Task material
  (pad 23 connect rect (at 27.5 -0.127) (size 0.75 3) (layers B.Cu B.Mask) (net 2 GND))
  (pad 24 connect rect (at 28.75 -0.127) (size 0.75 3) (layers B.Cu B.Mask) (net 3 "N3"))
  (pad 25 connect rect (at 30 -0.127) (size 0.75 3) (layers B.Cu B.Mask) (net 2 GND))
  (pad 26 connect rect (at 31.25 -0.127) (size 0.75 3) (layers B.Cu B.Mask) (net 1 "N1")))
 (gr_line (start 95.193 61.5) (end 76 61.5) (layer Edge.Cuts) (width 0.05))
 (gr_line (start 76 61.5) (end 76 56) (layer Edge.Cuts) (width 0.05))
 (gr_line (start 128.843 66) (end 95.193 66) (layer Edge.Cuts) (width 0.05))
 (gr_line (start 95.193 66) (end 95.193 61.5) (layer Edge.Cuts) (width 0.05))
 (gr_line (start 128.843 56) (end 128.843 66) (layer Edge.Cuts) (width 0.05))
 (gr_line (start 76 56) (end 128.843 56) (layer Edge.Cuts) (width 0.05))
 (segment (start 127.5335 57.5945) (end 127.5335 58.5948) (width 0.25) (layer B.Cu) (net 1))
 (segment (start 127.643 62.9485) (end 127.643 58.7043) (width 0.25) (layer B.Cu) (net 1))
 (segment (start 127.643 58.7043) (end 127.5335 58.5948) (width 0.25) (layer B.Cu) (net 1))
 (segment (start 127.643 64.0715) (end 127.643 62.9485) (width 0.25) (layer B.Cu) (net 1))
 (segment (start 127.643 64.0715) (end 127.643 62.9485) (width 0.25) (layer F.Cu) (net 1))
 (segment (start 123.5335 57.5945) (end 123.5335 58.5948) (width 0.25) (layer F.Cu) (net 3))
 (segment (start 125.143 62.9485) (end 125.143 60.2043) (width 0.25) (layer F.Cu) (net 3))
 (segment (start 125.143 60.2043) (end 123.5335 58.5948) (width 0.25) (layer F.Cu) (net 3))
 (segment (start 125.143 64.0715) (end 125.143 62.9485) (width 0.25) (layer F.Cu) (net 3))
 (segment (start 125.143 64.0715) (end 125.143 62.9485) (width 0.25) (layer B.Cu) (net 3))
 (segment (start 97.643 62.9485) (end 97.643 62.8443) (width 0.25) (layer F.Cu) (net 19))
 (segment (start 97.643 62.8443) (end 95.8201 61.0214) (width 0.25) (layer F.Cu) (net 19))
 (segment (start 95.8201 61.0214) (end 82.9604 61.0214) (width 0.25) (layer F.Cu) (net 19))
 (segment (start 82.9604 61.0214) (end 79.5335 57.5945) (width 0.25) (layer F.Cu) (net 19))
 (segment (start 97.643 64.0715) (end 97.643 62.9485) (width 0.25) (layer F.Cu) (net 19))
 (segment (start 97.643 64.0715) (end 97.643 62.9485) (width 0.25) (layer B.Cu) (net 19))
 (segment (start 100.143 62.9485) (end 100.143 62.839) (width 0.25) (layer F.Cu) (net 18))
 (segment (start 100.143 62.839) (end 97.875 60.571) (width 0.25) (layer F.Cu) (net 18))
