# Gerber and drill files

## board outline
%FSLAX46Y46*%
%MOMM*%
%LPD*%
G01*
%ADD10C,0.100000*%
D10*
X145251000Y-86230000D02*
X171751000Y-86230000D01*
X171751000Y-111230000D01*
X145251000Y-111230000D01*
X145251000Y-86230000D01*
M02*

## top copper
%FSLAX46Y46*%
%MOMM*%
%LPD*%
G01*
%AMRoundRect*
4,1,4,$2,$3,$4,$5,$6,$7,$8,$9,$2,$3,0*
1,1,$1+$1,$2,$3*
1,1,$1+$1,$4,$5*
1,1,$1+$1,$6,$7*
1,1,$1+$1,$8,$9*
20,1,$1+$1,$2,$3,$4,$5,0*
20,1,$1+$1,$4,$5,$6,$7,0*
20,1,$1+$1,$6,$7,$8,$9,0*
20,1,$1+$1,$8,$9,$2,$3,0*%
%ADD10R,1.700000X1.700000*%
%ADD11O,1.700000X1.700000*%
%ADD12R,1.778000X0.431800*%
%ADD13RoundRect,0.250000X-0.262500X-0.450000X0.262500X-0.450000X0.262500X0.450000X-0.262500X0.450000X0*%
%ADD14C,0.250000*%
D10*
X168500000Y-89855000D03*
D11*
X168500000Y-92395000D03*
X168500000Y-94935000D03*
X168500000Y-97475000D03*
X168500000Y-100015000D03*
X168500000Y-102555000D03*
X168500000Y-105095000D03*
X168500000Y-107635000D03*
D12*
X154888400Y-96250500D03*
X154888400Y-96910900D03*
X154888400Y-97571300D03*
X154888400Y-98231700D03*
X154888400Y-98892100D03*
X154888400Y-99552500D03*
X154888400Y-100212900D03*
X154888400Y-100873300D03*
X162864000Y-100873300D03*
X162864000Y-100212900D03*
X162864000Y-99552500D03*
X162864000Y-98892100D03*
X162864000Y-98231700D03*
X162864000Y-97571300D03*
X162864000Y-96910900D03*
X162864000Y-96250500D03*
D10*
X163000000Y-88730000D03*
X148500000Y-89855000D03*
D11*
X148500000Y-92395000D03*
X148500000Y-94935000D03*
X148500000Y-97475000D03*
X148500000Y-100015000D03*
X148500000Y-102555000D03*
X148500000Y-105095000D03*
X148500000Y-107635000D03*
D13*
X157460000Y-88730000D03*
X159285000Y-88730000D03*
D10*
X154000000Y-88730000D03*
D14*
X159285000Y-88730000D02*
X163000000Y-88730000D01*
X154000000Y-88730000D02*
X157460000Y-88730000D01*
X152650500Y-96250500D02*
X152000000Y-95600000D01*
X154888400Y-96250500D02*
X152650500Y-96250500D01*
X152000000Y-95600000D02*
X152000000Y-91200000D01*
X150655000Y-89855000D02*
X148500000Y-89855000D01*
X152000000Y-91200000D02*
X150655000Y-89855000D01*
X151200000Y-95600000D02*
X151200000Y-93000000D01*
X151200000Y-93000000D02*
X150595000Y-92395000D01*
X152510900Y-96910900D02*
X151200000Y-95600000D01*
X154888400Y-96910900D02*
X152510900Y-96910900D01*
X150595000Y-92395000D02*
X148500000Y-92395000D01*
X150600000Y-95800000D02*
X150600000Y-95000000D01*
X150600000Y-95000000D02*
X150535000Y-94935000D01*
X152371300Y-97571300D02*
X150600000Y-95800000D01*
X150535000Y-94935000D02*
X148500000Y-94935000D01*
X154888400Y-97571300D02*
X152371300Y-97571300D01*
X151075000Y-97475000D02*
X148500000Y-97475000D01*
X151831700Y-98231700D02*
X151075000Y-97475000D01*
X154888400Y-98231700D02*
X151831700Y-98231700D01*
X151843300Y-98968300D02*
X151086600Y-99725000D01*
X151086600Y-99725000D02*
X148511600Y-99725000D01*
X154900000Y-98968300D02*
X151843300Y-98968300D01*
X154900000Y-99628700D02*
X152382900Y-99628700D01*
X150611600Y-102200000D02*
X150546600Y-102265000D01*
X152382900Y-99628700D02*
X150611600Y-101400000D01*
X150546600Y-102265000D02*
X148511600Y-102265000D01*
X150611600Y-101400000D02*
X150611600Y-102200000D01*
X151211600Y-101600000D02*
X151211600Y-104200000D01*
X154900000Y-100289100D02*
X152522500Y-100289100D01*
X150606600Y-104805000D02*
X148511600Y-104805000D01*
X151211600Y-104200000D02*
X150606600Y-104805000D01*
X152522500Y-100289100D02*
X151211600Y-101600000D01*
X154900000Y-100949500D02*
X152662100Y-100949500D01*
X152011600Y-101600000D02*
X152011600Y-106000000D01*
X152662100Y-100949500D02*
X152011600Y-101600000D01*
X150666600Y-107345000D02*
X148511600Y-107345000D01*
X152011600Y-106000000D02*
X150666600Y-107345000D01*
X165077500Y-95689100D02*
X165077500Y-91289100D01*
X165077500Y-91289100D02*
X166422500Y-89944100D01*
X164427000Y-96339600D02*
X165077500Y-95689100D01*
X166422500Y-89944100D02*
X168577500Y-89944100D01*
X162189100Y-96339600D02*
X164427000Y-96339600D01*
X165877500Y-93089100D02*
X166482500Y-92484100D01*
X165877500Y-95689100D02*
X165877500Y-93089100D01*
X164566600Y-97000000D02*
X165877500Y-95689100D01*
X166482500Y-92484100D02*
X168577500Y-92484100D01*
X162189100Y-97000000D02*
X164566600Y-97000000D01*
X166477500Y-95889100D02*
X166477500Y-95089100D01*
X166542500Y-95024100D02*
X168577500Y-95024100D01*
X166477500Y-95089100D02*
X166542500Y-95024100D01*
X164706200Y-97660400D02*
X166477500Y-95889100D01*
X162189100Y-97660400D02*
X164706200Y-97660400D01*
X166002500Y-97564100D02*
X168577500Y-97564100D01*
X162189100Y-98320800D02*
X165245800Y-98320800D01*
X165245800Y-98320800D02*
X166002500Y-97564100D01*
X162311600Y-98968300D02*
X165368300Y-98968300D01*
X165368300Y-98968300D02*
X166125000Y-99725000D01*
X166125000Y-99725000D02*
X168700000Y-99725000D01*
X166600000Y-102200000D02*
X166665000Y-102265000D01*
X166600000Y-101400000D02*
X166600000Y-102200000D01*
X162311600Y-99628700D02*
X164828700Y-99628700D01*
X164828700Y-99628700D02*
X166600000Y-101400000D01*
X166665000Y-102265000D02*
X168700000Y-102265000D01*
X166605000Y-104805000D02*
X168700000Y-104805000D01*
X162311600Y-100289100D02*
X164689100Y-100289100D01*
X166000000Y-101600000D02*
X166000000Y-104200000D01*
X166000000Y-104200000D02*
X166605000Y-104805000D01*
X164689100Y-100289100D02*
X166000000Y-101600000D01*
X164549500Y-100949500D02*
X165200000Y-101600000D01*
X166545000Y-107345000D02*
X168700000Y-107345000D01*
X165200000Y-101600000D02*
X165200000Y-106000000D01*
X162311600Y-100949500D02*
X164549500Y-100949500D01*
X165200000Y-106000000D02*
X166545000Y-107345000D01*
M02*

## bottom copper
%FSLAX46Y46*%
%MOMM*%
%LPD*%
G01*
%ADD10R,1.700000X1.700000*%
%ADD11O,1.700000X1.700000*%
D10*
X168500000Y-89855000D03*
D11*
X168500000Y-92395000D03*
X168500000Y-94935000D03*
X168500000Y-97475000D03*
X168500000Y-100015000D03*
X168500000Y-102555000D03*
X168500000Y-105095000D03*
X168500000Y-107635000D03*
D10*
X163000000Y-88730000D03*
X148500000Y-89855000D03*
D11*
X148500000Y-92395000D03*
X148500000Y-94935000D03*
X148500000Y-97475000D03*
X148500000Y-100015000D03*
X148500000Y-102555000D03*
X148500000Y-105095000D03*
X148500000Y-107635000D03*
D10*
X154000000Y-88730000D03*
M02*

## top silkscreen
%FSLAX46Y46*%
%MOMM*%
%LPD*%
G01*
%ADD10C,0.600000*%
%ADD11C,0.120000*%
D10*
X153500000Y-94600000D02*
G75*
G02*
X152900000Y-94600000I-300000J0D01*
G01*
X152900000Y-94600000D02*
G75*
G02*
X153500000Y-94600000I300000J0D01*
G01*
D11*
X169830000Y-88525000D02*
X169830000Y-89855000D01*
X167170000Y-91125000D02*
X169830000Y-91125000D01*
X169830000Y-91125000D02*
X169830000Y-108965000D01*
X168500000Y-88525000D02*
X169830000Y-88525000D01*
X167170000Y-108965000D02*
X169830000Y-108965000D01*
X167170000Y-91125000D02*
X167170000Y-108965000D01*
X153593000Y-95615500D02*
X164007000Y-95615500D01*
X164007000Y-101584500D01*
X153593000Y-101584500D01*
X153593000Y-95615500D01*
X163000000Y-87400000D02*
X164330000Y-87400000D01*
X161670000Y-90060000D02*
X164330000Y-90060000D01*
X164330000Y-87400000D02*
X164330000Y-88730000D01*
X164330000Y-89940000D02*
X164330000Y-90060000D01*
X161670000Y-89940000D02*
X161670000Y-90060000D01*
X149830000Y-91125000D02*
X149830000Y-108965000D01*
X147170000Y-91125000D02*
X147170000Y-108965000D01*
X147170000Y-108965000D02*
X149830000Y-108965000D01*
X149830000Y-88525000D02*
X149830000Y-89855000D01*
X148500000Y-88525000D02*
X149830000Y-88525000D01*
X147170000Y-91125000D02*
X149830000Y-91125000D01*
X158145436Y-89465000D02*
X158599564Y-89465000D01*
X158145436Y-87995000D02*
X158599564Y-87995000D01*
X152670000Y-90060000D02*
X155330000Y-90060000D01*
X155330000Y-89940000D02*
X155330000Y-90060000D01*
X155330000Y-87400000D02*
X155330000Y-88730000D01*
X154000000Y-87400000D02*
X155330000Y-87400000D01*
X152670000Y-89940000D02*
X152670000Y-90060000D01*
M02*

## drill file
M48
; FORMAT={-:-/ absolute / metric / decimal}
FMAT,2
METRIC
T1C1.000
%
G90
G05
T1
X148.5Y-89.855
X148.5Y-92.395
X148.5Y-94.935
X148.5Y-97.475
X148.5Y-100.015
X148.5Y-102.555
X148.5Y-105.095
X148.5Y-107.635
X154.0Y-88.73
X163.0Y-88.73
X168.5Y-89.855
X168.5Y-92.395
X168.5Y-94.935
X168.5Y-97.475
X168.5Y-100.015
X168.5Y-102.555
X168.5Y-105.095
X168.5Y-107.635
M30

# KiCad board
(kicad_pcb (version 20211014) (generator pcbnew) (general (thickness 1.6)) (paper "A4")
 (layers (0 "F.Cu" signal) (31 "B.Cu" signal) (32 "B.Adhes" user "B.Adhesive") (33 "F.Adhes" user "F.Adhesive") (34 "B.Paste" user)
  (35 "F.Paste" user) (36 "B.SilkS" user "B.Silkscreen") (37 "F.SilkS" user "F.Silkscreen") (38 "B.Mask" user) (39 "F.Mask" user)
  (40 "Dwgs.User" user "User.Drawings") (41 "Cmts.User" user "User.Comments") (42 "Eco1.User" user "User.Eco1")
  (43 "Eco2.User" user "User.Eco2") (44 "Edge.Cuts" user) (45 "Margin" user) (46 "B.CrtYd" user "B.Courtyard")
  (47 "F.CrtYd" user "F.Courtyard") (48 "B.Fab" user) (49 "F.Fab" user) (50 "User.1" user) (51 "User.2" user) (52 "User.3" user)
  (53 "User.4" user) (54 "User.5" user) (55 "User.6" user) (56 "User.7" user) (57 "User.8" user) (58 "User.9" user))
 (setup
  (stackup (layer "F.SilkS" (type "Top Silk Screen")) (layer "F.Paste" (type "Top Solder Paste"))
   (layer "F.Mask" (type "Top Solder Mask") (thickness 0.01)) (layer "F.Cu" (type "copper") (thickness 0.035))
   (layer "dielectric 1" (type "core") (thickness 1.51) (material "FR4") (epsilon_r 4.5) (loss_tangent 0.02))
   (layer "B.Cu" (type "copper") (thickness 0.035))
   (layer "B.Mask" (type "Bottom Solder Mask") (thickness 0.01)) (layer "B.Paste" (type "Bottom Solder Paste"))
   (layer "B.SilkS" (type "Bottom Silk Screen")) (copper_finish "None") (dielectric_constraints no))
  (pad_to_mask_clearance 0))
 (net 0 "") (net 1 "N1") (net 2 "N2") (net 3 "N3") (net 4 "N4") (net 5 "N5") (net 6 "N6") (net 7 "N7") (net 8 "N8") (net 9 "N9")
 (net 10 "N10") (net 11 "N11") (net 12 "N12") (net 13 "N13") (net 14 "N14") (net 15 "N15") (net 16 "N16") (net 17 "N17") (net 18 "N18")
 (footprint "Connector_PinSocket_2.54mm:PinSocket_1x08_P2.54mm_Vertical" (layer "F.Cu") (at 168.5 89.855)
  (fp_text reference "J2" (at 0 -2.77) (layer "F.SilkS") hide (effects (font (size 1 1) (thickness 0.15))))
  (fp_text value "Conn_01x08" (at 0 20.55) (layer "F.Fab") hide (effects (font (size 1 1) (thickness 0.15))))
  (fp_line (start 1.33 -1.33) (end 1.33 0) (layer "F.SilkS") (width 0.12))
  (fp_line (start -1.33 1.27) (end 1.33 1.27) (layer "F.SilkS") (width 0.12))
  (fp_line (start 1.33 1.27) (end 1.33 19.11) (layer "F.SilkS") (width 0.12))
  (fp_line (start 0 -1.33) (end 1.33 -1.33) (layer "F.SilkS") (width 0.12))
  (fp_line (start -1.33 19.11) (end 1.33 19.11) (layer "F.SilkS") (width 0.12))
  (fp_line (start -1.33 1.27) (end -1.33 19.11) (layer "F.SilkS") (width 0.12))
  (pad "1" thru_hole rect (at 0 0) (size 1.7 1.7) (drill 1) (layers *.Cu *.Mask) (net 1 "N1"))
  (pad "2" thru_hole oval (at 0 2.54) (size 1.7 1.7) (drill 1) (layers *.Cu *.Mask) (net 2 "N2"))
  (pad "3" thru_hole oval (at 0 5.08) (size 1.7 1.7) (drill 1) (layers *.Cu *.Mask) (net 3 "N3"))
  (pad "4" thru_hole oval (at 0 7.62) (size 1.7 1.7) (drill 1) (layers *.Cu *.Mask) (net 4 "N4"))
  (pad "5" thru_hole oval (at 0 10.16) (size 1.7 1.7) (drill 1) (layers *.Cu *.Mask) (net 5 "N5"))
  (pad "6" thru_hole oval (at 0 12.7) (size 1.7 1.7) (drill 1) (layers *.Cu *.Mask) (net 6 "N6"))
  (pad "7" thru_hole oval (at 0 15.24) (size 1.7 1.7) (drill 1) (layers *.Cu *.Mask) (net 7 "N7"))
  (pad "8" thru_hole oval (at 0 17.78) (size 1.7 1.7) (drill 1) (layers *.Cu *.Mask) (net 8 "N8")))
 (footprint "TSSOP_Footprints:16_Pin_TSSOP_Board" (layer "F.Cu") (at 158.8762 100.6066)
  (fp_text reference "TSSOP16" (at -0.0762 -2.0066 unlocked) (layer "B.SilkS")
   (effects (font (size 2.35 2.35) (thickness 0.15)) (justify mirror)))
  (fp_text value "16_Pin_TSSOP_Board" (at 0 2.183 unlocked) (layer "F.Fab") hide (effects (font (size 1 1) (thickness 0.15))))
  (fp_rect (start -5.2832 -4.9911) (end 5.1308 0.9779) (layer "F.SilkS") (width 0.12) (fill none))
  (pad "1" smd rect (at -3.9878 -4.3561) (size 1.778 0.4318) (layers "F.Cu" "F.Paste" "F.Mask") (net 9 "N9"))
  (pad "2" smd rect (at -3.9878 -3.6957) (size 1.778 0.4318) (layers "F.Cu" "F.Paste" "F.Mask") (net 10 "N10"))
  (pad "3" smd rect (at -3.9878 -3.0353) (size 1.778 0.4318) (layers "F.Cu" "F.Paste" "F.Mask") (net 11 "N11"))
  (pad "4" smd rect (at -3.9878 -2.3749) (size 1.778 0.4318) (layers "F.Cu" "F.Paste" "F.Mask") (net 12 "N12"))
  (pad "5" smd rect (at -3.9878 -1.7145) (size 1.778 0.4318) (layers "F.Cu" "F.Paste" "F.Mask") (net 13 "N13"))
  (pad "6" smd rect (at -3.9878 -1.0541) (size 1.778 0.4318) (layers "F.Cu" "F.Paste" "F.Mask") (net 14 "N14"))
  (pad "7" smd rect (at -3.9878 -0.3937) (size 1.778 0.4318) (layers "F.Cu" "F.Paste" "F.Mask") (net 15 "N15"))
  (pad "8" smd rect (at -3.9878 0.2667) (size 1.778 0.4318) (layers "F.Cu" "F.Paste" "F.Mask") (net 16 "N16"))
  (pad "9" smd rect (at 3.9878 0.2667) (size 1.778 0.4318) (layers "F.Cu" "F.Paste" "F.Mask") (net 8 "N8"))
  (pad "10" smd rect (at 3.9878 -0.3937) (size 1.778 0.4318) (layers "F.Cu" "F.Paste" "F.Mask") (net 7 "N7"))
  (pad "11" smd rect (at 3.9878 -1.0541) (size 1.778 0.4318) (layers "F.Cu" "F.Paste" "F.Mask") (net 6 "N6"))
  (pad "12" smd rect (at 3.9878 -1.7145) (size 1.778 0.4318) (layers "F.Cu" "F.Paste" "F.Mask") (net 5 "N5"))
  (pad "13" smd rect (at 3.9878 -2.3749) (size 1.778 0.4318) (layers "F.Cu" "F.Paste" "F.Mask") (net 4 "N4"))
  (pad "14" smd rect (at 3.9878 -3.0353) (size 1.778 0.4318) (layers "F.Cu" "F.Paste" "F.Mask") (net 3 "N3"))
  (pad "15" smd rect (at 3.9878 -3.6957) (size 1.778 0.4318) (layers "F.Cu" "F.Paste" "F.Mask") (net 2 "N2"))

---

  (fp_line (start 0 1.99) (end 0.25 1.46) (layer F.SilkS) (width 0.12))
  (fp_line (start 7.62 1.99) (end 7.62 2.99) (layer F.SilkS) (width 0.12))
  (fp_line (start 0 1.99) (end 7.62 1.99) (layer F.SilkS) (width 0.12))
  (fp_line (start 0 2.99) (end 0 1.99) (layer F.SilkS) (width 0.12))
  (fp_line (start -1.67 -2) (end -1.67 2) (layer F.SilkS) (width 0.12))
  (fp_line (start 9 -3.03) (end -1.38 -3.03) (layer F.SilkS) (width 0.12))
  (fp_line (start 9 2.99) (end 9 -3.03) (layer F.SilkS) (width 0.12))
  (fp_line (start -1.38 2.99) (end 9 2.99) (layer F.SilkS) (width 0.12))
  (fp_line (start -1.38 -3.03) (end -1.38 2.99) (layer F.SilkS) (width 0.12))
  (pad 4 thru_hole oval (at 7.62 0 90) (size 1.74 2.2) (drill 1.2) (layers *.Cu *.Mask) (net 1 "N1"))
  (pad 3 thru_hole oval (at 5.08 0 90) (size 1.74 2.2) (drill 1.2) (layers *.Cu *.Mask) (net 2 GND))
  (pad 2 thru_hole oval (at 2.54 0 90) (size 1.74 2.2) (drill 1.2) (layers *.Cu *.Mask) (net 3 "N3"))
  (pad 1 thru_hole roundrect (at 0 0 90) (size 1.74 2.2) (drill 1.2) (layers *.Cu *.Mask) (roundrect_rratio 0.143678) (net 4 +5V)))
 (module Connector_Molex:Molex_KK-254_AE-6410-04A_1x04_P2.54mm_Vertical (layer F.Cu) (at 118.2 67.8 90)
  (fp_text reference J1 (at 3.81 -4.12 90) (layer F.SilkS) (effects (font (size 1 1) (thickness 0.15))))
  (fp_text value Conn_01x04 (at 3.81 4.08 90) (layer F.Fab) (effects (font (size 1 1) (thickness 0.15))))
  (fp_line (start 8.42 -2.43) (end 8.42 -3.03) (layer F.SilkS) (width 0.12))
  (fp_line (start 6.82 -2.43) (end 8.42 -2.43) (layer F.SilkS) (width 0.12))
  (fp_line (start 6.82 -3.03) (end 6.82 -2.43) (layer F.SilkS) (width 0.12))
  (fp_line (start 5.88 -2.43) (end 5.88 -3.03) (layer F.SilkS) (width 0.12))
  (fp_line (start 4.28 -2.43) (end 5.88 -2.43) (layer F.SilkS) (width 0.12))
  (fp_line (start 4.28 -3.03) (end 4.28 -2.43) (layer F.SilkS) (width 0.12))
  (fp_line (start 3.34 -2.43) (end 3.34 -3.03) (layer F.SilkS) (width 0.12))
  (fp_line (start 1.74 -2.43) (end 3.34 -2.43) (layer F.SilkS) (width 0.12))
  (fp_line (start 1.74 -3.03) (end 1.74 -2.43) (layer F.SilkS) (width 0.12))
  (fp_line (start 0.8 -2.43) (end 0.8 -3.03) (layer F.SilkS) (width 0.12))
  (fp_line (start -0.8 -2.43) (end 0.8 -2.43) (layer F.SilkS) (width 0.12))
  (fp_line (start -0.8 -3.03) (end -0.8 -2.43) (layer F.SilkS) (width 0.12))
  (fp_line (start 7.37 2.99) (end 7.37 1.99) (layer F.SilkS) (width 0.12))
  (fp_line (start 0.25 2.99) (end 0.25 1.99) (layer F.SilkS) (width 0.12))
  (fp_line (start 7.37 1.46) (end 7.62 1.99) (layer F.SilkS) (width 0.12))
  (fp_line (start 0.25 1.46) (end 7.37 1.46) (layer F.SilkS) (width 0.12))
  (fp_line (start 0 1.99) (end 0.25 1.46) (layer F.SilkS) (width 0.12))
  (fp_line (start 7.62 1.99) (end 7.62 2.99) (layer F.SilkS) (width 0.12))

Problem details
In the entries above, find the line with "X148.5Y-97.475" and the line with "(kicad_pcb (version 20211014)", then restate word for word both of them and every line between, with nothing more.

Task output
X148.5Y-97.475
X148.5Y-100.015
X148.5Y-102.555
X148.5Y-105.095
X148.5Y-107.635
X154.0Y-88.73
X163.0Y-88.73
X168.5Y-89.855
X168.5Y-92.395
X168.5Y-94.935
X168.5Y-97.475
X168.5Y-100.015
X168.5Y-102.555
X168.5Y-105.095
X168.5Y-107.635
M30

# KiCad board
(kicad_pcb (version 20211014) (generator pcbnew) (general (thickness 1.6)) (paper "A4")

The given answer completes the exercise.